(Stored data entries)
⟨
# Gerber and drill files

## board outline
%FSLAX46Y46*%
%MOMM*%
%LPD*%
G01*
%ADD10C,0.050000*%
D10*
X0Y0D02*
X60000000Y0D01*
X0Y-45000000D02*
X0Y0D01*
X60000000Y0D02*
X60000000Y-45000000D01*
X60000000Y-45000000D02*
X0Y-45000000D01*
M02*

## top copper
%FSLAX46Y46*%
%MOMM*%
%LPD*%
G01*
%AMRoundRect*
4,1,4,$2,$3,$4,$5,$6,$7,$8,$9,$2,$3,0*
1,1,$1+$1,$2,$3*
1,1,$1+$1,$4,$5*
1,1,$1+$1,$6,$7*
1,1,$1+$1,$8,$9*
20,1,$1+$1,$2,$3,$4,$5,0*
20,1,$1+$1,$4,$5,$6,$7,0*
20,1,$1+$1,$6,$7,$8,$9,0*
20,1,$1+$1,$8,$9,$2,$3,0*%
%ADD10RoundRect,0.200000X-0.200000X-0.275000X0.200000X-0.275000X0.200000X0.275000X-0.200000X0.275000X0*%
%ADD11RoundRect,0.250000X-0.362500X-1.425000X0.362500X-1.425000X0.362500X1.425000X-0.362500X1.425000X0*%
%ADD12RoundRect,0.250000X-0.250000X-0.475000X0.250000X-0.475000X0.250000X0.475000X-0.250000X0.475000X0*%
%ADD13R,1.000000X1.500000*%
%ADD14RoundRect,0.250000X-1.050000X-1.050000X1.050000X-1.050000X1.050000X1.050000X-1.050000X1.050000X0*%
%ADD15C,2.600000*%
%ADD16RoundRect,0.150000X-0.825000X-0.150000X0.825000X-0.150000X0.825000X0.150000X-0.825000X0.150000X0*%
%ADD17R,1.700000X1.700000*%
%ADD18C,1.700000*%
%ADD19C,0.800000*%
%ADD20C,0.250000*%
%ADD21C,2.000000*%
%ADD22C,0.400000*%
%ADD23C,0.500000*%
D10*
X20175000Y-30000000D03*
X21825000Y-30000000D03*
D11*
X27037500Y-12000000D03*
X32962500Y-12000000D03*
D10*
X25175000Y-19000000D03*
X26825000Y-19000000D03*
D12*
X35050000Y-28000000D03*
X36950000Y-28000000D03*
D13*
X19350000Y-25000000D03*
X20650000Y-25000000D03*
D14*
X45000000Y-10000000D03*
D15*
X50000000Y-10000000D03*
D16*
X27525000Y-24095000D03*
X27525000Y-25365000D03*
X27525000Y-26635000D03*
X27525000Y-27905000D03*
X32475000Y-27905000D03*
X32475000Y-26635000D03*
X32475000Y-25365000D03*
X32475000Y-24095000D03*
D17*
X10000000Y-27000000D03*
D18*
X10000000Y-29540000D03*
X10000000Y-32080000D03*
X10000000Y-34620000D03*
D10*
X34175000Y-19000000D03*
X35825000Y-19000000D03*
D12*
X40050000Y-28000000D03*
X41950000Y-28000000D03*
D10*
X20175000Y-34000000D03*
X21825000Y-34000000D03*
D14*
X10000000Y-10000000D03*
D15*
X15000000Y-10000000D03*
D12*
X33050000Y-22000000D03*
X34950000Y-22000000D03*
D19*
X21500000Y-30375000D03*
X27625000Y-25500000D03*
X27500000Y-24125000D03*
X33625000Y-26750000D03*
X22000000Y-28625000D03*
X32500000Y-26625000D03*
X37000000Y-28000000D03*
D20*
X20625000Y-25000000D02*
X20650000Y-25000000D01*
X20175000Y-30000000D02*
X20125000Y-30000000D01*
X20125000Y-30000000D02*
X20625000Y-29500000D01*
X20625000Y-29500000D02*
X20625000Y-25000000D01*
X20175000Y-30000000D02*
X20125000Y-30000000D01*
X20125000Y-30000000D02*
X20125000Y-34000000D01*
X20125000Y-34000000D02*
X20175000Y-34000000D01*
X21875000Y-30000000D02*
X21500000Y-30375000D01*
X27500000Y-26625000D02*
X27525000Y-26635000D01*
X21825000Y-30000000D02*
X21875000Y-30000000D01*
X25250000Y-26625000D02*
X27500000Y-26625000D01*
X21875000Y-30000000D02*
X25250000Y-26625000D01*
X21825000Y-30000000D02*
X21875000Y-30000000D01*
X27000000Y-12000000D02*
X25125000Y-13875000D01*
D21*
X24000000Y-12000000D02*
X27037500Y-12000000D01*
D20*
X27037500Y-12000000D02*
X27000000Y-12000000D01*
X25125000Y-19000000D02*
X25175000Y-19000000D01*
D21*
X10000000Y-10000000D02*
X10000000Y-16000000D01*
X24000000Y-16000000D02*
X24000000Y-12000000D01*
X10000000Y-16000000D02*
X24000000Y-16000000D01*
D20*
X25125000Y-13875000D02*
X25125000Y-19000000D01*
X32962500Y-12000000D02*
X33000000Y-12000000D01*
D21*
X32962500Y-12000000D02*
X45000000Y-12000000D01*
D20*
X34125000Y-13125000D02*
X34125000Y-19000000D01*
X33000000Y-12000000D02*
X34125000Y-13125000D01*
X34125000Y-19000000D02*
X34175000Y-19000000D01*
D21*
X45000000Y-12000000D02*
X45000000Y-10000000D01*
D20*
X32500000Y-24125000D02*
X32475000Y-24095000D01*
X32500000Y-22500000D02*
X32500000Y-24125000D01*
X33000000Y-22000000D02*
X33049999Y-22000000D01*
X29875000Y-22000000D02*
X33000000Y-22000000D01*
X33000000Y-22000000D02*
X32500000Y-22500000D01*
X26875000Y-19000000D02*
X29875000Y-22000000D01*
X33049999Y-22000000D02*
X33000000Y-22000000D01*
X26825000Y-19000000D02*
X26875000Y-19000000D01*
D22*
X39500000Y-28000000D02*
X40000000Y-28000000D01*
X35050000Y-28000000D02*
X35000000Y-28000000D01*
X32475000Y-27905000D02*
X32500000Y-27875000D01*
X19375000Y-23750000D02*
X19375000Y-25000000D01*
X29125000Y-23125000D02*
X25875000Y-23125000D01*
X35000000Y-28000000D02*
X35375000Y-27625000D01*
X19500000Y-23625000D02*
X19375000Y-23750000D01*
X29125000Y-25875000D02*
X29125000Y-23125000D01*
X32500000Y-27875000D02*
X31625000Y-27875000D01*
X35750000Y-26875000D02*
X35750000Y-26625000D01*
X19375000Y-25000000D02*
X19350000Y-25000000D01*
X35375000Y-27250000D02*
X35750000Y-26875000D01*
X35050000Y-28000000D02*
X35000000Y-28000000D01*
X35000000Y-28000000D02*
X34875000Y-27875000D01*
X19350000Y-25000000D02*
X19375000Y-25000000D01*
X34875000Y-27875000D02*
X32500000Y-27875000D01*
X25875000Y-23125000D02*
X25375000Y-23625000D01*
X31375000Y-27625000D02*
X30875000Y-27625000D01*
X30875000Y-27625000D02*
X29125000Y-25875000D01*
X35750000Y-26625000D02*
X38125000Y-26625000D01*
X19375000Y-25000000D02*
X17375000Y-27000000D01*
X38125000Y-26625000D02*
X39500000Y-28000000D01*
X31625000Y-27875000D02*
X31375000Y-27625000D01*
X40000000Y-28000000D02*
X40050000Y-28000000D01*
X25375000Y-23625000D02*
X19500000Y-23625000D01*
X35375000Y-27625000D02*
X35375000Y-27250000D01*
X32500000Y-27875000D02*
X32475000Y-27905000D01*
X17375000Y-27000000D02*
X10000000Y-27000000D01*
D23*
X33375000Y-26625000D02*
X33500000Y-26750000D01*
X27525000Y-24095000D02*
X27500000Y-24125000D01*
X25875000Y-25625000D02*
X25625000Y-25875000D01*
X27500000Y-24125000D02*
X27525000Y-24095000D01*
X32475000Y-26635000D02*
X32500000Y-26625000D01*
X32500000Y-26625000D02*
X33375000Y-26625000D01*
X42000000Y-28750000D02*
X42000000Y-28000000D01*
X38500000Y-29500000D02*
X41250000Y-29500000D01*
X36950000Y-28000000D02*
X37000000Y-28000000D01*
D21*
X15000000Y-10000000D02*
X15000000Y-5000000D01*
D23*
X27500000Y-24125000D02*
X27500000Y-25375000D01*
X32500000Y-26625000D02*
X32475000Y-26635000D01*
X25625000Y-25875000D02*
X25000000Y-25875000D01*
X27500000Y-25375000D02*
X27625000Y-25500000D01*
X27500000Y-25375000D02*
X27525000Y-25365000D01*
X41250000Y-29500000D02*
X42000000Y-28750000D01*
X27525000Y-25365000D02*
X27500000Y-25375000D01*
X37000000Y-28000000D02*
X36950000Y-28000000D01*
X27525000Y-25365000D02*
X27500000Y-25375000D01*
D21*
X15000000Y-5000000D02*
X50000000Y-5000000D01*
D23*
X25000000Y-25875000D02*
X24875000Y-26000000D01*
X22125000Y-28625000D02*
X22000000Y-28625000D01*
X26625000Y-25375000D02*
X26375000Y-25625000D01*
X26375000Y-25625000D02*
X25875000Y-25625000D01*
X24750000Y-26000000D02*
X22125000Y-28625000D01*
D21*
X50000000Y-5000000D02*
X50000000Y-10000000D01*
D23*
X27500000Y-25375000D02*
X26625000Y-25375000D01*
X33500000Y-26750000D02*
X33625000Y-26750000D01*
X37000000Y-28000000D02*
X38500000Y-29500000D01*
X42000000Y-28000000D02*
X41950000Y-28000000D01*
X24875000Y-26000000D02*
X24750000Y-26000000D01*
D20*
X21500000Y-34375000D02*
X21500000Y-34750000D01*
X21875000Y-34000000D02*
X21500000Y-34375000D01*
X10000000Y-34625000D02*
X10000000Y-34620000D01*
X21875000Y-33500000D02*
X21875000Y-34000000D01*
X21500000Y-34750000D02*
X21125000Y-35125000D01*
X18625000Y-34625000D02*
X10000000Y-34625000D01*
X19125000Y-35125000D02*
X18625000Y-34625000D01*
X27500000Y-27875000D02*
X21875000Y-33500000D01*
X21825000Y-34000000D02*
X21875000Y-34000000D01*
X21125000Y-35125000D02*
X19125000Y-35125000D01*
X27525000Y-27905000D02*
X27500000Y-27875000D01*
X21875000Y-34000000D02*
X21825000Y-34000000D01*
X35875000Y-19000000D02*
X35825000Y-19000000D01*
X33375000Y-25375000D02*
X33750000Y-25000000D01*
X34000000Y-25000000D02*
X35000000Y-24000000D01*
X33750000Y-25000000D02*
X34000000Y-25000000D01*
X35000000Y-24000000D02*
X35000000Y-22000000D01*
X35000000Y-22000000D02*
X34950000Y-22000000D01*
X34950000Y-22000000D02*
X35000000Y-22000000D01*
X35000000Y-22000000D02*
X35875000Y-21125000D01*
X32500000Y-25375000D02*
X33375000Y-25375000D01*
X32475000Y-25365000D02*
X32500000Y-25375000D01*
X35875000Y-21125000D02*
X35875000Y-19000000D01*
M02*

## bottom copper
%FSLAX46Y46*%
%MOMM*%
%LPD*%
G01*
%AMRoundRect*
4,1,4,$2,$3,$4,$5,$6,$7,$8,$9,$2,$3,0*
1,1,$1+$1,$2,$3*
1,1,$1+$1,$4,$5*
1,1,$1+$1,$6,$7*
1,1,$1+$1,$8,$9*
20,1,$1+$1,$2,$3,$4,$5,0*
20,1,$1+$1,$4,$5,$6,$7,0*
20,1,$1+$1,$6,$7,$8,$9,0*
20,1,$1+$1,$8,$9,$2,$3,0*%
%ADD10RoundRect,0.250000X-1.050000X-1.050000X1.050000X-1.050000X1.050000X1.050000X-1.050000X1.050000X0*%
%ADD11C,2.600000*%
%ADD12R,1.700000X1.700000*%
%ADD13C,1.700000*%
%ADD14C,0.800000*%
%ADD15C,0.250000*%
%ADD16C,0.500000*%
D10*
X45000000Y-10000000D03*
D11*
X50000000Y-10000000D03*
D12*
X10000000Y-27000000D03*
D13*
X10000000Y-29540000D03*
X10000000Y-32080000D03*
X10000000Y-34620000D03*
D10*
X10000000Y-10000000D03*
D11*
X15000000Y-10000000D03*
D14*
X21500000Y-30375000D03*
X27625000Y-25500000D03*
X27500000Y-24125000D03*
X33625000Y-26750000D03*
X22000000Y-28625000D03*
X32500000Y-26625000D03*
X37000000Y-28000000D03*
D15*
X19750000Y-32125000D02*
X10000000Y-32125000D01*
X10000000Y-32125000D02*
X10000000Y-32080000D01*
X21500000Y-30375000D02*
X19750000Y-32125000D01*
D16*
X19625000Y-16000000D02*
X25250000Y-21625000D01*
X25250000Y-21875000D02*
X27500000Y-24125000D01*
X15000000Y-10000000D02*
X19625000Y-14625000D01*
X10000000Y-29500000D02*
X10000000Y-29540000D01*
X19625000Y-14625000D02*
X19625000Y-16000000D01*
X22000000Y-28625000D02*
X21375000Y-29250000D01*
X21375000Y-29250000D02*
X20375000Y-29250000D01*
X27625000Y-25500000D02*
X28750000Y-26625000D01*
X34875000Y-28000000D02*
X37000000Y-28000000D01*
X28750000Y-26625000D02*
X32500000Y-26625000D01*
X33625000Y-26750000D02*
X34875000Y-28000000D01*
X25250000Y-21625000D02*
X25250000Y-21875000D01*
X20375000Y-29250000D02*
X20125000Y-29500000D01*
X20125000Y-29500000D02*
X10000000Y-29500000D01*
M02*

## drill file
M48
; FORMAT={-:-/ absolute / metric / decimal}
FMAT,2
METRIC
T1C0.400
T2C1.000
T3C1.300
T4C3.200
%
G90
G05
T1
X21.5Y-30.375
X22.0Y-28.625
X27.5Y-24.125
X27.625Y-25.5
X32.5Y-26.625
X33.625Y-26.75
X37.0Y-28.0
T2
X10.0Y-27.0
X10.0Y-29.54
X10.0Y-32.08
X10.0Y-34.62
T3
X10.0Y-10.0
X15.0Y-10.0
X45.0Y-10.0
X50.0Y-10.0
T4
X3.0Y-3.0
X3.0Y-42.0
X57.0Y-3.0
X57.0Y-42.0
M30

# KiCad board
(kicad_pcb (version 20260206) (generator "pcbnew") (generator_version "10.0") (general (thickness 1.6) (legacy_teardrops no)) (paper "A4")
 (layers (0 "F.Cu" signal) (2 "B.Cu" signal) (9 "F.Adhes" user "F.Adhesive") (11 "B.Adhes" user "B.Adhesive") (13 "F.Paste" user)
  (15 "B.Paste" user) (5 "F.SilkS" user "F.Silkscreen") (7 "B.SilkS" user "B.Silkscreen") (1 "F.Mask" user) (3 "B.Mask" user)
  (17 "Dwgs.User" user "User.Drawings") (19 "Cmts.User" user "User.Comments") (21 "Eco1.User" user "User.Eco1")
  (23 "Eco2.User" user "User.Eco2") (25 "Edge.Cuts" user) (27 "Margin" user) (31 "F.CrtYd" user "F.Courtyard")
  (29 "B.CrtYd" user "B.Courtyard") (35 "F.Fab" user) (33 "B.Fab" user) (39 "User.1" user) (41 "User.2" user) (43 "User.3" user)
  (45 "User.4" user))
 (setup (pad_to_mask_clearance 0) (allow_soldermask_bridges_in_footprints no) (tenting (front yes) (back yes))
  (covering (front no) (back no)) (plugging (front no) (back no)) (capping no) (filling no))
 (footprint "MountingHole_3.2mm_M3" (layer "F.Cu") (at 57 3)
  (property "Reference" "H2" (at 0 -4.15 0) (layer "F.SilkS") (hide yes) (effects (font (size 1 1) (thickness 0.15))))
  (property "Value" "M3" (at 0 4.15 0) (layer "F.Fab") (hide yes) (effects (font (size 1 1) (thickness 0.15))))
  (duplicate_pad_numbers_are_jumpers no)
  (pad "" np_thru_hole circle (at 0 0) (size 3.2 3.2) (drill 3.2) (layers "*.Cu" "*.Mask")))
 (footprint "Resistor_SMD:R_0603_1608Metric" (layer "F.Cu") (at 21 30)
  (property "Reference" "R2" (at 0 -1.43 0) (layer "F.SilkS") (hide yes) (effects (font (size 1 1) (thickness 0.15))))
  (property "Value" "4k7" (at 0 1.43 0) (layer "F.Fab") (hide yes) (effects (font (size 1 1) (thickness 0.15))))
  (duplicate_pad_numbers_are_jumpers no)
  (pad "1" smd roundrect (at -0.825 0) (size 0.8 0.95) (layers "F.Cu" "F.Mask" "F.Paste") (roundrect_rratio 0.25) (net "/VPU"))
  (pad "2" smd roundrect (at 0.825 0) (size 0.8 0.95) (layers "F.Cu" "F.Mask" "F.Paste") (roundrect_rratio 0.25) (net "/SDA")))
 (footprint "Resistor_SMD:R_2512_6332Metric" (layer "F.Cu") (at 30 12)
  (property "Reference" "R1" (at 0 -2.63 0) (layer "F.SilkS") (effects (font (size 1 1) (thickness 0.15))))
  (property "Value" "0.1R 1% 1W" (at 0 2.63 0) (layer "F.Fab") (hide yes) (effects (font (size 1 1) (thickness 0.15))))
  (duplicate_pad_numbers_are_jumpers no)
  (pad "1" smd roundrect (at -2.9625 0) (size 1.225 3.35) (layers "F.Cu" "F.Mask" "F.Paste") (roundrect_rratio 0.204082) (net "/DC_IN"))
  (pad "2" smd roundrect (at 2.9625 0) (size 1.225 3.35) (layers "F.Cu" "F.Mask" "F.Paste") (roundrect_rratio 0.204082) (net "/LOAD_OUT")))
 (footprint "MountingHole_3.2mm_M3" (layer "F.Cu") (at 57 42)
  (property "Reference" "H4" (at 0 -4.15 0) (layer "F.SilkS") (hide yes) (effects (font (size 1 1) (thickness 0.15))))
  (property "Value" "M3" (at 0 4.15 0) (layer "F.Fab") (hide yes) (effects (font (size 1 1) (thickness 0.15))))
⟩
Among the lines above, find those carrying the word "effects" and copy them out.

  (property "Reference" "H2" (at 0 -4.15 0) (layer "F.SilkS") (hide yes) (effects (font (size 1 1) (thickness 0.15))))
  (property "Value" "M3" (at 0 4.15 0) (layer "F.Fab") (hide yes) (effects (font (size 1 1) (thickness 0.15))))
  (property "Reference" "R2" (at 0 -1.43 0) (layer "F.SilkS") (hide yes) (effects (font (size 1 1) (thickness 0.15))))
  (property "Value" "4k7" (at 0 1.43 0) (layer "F.Fab") (hide yes) (effects (font (size 1 1) (thickness 0.15))))
  (property "Reference" "R1" (at 0 -2.63 0) (layer "F.SilkS") (effects (font (size 1 1) (thickness 0.15))))
  (property "Value" "0.1R 1% 1W" (at 0 2.63 0) (layer "F.Fab") (hide yes) (effects (font (size 1 1) (thickness 0.15))))
  (property "Reference" "H4" (at 0 -4.15 0) (layer "F.SilkS") (hide yes) (effects (font (size 1 1) (thickness 0.15))))
  (property "Value" "M3" (at 0 4.15 0) (layer "F.Fab") (hide yes) (effects (font (size 1 1) (thickness 0.15))))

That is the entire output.